Migration and Exploitation in China

Some days it seems like the story of China’s political economy begins and ends with relentless mobility of its workforce. This BBC article describes the novelty and expansion of crime by Chinese youth:

“Crimes committed by youngsters have been causing a growing amount of severe social damage,” the China Daily quoted Liu Guiming, deputy secretary-general of the Chinese Society of Juvenile Delinquency Research, as saying.

Young offenders were forming gangs and committing crimes “without specific motives, often without forethought”, he said.

These included theft, assault and rape, but also 22 new categories of crime linked to fraud and the internet.

Part of the problem was the breakdown of families caused by migration, Mr Liu said.

In hundreds of thousands of rural families, children are left with elderly relatives or friends while their parents travel to cities in search of work.

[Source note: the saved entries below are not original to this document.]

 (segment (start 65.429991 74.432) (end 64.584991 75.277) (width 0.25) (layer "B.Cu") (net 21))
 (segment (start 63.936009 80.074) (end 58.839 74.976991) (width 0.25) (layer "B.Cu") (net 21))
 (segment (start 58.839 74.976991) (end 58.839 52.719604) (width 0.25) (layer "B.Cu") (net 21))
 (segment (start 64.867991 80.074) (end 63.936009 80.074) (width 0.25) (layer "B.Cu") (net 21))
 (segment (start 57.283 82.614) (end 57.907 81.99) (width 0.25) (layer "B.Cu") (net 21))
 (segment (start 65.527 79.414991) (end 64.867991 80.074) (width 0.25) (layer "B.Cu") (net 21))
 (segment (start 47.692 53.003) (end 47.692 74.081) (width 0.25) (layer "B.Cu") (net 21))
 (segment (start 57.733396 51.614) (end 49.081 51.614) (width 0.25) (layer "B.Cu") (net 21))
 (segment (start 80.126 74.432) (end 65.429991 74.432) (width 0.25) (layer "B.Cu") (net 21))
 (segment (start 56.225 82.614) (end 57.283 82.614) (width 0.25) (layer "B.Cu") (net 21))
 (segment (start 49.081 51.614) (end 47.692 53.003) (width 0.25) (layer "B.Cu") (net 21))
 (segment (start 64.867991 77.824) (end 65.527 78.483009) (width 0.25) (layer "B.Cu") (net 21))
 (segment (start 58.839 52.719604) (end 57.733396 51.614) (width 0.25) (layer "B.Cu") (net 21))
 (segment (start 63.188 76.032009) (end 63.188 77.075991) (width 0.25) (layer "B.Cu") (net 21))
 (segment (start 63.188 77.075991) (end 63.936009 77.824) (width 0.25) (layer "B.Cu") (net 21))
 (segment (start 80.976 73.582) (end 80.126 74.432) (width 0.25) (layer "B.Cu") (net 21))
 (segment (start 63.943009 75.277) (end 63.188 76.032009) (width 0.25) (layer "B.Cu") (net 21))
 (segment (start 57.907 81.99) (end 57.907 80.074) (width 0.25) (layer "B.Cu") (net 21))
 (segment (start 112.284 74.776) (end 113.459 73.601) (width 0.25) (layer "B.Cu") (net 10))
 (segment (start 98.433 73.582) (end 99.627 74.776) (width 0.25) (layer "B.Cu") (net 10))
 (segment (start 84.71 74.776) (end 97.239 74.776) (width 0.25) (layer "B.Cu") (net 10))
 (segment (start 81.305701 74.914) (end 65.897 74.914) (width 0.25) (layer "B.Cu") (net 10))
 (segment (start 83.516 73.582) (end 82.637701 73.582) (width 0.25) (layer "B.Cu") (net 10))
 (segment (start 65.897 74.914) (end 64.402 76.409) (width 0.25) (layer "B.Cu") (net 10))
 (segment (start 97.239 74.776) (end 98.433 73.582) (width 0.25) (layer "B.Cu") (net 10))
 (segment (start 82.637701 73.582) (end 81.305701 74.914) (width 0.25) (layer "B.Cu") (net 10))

Meanwhile, at the site of yet another coal mine explosion, the locals argue that a migrant worker is a disposable worker:

A woman from the nearby village of Hongguang, who would only give her surname as Qiao, said the mine tended to hire migrant workers from other provinces rather than local villagers.

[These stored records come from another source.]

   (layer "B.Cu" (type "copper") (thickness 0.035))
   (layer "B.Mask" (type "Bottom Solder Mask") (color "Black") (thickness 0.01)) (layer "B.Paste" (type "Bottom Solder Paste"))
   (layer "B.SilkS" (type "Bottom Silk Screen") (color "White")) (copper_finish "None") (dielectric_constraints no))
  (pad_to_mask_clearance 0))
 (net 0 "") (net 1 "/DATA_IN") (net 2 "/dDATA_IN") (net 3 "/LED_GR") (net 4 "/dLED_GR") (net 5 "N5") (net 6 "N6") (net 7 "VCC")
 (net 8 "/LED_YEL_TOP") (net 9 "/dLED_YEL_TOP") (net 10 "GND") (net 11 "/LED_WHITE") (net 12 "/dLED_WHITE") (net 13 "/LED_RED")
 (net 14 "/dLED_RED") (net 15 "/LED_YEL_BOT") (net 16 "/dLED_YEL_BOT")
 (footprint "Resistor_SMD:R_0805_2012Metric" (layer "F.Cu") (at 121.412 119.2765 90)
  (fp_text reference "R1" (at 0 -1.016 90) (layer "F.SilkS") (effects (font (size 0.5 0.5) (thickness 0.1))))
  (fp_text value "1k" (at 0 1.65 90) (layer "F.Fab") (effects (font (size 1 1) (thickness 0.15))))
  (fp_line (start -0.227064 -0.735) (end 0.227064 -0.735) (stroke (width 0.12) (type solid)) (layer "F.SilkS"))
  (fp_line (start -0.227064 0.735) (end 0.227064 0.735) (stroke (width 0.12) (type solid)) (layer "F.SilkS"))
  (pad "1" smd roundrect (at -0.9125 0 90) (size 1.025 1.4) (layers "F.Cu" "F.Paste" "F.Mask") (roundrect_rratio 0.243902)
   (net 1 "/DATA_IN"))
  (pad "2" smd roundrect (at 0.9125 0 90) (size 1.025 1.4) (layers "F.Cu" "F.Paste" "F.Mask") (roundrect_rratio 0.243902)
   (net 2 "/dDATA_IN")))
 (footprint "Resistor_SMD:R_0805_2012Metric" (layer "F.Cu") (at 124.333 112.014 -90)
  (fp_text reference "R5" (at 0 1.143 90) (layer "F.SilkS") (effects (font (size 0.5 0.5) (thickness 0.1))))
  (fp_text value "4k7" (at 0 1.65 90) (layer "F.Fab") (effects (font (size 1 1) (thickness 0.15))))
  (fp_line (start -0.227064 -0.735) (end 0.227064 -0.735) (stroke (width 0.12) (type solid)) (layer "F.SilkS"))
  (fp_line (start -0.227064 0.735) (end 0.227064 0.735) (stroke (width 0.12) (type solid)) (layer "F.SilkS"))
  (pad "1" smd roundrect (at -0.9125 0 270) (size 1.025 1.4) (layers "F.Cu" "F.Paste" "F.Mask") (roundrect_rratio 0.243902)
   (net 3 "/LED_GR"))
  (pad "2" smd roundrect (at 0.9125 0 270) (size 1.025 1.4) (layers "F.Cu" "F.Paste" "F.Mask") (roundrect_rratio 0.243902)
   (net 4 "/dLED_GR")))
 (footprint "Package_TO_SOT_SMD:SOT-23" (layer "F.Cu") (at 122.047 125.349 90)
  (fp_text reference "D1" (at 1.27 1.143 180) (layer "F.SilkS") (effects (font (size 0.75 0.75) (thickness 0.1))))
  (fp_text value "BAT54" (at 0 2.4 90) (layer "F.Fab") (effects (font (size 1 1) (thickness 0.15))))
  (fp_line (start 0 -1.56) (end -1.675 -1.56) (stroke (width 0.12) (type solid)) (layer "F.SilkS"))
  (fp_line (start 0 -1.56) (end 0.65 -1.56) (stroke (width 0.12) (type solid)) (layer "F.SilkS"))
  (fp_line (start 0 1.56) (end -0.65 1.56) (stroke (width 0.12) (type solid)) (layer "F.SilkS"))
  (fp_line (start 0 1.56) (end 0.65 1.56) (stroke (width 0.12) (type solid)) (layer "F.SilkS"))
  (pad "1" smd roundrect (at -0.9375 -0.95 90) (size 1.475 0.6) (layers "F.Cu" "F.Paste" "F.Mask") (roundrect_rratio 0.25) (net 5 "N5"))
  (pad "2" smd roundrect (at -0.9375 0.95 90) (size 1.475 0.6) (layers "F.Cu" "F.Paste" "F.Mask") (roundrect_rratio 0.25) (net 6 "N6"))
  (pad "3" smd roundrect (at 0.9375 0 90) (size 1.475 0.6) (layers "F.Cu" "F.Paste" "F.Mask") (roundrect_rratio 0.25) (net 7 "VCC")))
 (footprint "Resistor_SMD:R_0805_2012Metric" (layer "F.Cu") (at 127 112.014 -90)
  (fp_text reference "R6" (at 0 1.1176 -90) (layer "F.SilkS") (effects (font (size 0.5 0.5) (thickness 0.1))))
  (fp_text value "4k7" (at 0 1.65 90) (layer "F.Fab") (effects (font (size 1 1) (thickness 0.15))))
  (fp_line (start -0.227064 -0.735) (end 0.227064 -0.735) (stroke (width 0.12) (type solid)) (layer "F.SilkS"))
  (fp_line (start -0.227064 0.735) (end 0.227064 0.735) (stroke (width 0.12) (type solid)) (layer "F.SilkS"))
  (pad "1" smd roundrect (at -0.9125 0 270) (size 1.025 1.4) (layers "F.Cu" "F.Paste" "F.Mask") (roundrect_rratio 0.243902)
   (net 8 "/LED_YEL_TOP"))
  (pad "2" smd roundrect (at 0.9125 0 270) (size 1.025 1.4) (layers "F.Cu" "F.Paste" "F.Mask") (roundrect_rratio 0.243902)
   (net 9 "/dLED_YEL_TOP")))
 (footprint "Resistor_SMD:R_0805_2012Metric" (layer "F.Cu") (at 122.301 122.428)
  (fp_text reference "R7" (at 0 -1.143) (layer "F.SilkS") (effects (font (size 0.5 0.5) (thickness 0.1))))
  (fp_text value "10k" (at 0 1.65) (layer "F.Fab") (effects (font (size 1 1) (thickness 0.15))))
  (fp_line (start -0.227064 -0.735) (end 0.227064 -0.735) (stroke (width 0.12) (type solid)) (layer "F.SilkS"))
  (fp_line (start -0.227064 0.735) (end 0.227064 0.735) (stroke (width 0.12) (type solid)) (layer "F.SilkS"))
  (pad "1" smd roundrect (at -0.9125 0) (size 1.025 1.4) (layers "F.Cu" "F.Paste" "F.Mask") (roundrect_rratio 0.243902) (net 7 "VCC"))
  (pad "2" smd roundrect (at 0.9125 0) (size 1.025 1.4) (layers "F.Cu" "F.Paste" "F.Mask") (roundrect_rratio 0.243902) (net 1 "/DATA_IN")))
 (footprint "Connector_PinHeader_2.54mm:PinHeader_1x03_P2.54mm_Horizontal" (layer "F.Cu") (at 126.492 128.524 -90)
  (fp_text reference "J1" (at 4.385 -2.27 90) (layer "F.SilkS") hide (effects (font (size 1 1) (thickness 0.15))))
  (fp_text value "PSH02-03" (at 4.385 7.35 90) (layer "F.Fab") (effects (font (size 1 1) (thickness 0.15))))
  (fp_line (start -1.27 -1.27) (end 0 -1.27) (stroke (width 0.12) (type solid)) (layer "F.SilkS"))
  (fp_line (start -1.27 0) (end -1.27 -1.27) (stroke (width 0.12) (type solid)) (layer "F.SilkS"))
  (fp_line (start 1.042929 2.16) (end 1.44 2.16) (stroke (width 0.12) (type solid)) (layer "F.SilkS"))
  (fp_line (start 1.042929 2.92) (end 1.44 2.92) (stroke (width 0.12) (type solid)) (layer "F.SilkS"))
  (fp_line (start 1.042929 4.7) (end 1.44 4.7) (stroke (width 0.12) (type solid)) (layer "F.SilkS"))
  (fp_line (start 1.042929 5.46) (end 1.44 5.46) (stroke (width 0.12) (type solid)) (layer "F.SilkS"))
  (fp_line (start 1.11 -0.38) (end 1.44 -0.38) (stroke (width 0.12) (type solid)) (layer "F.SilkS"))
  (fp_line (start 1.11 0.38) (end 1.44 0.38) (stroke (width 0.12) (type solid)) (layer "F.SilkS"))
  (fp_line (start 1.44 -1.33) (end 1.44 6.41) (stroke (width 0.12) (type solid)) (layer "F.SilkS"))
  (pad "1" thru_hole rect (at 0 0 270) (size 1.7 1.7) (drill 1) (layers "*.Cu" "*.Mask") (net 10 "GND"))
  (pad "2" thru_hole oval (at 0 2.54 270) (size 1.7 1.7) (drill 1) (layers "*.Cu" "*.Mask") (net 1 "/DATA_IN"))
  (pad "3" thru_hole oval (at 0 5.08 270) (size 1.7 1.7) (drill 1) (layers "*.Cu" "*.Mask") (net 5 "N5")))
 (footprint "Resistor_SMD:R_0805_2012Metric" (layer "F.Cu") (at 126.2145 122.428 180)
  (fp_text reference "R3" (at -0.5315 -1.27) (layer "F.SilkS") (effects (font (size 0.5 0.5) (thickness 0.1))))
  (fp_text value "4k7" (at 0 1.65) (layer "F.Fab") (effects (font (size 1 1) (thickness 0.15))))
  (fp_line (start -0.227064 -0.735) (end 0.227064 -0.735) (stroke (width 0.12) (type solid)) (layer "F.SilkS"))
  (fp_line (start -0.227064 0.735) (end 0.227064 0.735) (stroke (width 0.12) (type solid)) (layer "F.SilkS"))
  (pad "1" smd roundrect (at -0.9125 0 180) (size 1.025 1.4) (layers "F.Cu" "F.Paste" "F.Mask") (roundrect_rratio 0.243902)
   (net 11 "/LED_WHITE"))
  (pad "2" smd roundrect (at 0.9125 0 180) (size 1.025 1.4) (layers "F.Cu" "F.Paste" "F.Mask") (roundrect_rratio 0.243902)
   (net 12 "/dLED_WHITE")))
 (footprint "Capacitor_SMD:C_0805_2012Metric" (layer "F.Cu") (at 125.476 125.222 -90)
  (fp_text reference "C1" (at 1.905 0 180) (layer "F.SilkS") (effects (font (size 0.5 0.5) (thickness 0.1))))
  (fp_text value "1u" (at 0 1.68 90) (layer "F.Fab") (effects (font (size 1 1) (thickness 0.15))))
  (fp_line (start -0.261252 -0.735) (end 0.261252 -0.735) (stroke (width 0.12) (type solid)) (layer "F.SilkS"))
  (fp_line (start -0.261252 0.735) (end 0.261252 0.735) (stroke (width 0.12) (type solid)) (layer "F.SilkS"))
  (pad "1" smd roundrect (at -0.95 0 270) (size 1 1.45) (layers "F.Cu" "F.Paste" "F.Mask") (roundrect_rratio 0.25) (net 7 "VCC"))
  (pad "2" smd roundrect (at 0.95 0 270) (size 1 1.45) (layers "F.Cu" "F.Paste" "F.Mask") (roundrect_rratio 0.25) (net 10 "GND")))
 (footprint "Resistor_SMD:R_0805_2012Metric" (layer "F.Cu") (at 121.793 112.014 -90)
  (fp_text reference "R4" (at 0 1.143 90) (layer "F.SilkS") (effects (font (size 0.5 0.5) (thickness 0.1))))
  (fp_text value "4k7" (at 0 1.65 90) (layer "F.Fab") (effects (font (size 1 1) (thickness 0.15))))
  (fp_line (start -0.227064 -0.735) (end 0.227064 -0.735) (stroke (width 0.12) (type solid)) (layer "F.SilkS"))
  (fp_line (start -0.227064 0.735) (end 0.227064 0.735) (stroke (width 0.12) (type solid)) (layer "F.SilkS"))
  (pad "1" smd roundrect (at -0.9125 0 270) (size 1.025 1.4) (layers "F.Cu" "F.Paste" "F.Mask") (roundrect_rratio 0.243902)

“Occasionally, a few miners may die in an accident, and the owners will pay compensation. Because the families of the dead are from far away, they don’t protest a lot. If they were local people, they would make trouble for the mine,” she said.

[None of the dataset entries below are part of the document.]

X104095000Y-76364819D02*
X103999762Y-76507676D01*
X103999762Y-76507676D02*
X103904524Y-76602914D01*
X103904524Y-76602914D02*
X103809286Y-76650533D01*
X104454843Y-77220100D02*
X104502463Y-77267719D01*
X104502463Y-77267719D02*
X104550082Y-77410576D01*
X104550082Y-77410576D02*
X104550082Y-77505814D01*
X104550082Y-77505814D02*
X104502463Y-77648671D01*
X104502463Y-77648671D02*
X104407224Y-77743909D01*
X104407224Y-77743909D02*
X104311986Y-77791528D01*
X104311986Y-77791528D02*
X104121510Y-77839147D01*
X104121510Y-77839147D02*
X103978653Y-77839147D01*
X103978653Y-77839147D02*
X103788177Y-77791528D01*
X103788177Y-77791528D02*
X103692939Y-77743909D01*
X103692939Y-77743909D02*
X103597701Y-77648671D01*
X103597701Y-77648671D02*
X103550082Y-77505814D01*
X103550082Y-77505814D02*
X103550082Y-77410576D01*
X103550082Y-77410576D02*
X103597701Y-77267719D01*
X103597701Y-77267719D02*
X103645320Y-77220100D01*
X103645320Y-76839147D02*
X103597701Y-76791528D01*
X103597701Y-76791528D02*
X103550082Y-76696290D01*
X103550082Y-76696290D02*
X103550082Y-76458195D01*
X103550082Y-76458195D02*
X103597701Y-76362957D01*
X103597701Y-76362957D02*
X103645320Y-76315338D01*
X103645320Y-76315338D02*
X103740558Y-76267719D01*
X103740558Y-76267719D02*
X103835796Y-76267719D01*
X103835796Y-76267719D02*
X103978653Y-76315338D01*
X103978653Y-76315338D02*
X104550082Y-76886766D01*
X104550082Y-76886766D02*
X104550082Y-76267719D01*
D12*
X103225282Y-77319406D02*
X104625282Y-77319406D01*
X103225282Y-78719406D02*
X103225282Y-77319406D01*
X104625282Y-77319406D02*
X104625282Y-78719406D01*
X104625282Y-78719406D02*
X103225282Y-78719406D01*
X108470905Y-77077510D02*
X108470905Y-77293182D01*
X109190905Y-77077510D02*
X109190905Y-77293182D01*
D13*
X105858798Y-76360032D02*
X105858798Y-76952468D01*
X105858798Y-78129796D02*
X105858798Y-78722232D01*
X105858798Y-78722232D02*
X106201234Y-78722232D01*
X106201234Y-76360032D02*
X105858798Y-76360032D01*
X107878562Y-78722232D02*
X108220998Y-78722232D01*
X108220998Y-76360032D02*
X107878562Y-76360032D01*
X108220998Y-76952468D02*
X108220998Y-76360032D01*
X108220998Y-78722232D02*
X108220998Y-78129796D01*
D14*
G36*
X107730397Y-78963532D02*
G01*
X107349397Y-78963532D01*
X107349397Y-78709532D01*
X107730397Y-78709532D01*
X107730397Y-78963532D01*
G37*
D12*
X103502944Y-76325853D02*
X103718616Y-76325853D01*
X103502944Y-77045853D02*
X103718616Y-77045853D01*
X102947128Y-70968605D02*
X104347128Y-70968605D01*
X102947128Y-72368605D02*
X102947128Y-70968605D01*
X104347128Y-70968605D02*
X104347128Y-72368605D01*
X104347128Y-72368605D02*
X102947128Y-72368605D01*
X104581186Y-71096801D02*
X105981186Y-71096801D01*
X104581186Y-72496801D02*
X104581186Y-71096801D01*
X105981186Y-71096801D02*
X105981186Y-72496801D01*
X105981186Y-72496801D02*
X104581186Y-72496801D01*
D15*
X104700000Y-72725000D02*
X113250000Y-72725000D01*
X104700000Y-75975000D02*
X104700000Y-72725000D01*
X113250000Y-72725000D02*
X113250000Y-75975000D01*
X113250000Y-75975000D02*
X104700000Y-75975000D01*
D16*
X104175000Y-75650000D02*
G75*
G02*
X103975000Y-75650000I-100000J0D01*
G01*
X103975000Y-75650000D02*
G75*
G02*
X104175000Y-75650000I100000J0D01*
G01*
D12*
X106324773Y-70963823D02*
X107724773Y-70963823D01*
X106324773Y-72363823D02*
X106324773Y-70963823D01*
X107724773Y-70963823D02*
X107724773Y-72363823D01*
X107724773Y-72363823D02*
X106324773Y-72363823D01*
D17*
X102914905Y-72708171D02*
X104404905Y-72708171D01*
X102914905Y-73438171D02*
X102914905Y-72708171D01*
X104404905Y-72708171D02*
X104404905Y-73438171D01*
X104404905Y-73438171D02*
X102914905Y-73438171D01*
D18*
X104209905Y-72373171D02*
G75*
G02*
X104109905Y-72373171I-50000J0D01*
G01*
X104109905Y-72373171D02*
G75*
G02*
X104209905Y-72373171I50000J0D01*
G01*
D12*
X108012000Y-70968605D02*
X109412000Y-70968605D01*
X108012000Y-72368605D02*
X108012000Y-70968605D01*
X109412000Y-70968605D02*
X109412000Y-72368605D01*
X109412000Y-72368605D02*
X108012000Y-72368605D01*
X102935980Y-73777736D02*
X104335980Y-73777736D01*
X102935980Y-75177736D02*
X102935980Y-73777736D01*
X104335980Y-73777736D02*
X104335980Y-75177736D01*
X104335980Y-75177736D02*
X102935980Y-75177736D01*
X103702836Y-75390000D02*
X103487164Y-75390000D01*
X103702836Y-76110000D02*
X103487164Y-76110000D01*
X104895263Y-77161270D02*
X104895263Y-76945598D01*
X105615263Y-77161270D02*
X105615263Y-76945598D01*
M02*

Note that the migrant miners had been moved to an area with (I’m assuming) its own underemployed labor force. The decision to hire out-of-towners was probably not made for lack of able bodies.

A cowed, uprooted labor force of absent parents combined with a generation of only children both fatherless and motherless doesn’t sound like a recipe for social stability, no matter how hard-driving the meritocratic elite might be.